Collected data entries
○ ○ ○ ○

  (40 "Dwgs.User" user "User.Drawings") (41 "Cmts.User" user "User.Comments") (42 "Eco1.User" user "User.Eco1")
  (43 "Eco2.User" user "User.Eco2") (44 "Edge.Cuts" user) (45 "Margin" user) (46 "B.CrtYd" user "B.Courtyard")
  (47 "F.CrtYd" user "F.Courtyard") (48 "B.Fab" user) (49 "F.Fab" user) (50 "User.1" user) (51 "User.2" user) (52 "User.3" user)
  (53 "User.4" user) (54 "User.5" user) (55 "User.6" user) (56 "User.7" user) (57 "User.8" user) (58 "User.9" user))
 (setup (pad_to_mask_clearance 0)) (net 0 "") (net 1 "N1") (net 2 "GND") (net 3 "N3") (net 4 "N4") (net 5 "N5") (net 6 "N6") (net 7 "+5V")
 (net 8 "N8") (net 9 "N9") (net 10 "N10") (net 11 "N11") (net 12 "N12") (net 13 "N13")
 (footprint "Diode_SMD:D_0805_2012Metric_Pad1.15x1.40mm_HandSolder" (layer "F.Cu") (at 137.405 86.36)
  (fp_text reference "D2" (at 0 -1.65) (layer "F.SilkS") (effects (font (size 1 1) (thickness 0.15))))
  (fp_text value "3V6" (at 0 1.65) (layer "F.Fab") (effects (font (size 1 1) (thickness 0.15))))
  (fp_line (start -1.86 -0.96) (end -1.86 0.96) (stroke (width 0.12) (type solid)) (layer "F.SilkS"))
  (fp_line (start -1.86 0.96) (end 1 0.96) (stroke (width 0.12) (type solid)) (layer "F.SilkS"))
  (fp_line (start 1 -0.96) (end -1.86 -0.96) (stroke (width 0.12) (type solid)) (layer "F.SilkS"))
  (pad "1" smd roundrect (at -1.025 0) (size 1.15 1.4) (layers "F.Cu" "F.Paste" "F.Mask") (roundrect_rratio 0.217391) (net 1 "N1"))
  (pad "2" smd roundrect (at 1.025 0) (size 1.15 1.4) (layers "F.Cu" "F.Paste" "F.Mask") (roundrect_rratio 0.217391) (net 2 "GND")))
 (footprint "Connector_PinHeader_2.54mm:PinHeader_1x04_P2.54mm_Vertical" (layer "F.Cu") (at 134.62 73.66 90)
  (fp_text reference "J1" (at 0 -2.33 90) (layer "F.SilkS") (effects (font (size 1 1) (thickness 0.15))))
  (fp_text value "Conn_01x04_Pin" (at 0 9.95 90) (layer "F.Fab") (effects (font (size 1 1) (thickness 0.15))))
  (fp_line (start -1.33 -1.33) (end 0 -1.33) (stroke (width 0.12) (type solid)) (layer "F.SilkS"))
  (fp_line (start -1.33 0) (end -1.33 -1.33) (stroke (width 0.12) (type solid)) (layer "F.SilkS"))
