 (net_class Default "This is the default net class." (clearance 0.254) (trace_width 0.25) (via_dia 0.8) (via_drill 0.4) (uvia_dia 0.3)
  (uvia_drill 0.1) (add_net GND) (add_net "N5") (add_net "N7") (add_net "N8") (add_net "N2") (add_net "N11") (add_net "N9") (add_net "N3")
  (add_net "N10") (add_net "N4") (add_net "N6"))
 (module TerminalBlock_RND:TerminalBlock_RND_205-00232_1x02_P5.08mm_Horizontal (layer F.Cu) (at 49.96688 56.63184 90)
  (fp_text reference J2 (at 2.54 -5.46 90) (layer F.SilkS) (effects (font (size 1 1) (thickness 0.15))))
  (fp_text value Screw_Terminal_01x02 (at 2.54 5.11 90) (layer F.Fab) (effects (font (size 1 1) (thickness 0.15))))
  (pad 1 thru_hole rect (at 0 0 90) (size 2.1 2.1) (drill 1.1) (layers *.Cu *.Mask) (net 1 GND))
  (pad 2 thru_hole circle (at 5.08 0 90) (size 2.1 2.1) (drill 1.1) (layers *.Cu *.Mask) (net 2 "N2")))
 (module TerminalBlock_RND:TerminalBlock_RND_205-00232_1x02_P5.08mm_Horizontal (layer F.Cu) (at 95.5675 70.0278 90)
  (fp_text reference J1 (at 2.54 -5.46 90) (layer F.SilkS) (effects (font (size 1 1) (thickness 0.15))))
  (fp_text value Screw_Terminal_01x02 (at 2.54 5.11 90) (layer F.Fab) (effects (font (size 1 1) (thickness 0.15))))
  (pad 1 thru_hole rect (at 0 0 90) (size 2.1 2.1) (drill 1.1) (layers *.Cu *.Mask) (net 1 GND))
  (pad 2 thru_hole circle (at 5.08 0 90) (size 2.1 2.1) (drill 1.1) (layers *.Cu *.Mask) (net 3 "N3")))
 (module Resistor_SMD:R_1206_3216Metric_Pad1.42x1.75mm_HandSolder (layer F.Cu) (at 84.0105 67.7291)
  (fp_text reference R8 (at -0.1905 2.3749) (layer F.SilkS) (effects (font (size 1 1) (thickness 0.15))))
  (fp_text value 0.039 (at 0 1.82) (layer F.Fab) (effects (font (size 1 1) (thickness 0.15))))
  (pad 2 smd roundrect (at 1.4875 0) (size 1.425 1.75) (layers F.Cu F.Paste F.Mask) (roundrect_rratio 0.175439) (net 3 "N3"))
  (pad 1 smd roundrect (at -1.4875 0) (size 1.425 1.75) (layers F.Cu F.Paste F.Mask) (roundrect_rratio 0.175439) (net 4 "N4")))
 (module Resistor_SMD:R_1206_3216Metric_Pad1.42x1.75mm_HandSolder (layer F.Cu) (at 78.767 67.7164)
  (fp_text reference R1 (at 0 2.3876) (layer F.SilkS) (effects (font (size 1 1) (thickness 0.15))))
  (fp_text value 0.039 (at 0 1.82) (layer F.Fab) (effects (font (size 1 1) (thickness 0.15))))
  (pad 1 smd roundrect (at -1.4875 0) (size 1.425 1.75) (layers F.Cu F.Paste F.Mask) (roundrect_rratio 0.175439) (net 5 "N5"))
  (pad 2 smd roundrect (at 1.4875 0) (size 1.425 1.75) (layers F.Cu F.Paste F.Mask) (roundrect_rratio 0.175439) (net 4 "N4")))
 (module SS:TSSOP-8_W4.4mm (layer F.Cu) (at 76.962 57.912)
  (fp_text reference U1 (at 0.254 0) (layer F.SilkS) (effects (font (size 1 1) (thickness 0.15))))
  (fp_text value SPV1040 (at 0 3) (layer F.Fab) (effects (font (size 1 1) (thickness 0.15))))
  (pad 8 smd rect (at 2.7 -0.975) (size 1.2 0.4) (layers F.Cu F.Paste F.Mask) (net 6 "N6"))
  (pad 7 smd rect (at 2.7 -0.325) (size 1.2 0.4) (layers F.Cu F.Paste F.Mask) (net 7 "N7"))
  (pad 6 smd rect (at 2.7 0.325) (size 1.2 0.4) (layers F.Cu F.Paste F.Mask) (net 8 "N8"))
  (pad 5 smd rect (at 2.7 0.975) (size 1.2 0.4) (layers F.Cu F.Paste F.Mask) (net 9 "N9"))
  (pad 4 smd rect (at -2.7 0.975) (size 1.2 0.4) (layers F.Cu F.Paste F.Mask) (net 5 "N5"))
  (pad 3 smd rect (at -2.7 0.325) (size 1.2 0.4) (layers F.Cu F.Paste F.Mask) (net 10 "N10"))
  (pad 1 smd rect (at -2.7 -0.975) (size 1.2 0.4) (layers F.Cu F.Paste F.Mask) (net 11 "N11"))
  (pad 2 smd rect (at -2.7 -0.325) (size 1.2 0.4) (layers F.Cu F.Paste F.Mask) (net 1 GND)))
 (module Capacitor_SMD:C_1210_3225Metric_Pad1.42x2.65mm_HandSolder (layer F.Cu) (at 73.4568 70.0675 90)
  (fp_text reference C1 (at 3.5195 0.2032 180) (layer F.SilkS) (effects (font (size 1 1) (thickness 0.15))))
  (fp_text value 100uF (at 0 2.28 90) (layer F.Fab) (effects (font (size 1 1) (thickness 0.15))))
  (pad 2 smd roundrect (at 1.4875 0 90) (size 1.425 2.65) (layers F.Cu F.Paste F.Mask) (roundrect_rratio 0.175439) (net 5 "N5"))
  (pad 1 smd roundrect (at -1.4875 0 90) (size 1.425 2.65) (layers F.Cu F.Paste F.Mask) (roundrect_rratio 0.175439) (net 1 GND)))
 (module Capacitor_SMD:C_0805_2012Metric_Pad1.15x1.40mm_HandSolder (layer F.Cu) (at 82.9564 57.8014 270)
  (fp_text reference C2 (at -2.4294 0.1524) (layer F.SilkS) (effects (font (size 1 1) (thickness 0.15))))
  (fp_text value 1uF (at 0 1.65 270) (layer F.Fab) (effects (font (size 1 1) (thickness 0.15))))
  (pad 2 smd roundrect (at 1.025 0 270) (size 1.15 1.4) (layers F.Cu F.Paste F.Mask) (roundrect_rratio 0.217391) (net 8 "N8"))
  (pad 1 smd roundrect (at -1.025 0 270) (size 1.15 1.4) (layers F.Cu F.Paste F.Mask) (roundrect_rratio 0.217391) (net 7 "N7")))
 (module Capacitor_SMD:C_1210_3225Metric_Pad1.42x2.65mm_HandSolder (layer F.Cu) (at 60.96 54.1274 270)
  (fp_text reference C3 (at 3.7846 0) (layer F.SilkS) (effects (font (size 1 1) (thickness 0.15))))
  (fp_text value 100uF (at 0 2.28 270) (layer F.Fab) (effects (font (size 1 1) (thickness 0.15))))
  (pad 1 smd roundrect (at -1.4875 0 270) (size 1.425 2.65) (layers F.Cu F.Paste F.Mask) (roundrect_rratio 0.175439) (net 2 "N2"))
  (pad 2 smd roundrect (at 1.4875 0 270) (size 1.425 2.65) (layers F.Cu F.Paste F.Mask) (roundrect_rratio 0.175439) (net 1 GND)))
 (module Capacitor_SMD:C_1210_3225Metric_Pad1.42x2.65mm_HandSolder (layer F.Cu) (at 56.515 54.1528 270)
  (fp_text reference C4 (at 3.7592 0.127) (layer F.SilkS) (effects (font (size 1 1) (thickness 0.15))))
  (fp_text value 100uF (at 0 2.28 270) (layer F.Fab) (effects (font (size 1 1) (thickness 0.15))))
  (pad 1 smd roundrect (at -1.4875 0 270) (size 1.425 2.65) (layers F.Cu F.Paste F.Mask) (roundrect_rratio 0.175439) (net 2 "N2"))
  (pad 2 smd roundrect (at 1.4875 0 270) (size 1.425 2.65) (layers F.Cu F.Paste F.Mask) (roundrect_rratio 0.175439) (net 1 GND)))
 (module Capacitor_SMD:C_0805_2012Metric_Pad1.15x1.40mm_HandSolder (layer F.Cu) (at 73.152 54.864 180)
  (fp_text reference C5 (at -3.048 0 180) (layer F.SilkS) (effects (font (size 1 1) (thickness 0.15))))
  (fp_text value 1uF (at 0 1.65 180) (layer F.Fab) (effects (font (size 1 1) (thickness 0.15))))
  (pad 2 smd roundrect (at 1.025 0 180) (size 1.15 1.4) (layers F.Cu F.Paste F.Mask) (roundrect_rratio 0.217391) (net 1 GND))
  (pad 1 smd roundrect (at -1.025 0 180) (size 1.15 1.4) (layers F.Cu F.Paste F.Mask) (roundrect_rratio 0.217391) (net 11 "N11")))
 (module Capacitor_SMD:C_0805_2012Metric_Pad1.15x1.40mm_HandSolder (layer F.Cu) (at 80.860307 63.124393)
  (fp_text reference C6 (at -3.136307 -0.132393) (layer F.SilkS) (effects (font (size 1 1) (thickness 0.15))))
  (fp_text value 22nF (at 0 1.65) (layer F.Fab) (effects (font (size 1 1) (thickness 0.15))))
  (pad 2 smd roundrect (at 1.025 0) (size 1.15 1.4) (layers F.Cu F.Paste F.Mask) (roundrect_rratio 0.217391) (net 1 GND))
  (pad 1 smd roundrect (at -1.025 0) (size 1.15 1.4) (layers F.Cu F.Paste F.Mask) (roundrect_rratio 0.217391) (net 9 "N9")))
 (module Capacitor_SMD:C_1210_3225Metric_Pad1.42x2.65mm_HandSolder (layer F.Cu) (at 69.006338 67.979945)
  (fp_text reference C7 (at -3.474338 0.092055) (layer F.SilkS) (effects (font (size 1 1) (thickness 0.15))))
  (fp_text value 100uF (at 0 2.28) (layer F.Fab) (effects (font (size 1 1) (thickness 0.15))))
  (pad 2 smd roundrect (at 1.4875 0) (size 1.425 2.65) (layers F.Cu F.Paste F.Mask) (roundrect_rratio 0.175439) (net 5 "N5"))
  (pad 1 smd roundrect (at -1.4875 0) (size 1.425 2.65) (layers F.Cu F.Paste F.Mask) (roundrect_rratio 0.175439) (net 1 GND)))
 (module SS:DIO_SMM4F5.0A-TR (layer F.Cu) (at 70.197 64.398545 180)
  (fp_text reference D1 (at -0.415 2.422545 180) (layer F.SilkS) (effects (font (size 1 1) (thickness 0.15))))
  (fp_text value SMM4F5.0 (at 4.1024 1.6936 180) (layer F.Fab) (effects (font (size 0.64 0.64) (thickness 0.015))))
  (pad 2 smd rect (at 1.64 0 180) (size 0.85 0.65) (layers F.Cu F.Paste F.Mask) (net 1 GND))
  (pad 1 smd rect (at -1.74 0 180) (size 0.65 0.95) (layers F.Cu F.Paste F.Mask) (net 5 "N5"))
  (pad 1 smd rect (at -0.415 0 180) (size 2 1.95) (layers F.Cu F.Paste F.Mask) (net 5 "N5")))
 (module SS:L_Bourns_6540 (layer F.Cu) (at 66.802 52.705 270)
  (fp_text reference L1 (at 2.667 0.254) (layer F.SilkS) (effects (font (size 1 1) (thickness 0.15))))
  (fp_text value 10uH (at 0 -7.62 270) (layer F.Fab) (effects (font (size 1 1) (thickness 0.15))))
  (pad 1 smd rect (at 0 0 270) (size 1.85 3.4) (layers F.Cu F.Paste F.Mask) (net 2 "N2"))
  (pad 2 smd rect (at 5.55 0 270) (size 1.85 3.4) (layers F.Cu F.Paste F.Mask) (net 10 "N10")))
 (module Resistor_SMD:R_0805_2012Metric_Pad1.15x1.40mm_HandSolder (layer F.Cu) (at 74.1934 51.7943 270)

○ ○ ○ ○

> YOUR GOAL
Only the lines from the one containing "(pad 1 smd rect (at -1.74" through the last line of the records above are to be reproduced, exactly and with both ends included.

> RESPONSE AREA
  (pad 1 smd rect (at -1.74 0 180) (size 0.65 0.95) (layers F.Cu F.Paste F.Mask) (net 5 "N5"))
  (pad 1 smd rect (at -0.415 0 180) (size 2 1.95) (layers F.Cu F.Paste F.Mask) (net 5 "N5")))
 (module SS:L_Bourns_6540 (layer F.Cu) (at 66.802 52.705 270)
  (fp_text reference L1 (at 2.667 0.254) (layer F.SilkS) (effects (font (size 1 1) (thickness 0.15))))
  (fp_text value 10uH (at 0 -7.62 270) (layer F.Fab) (effects (font (size 1 1) (thickness 0.15))))
  (pad 1 smd rect (at 0 0 270) (size 1.85 3.4) (layers F.Cu F.Paste F.Mask) (net 2 "N2"))
  (pad 2 smd rect (at 5.55 0 270) (size 1.85 3.4) (layers F.Cu F.Paste F.Mask) (net 10 "N10")))
 (module Resistor_SMD:R_0805_2012Metric_Pad1.15x1.40mm_HandSolder (layer F.Cu) (at 74.1934 51.7943 270)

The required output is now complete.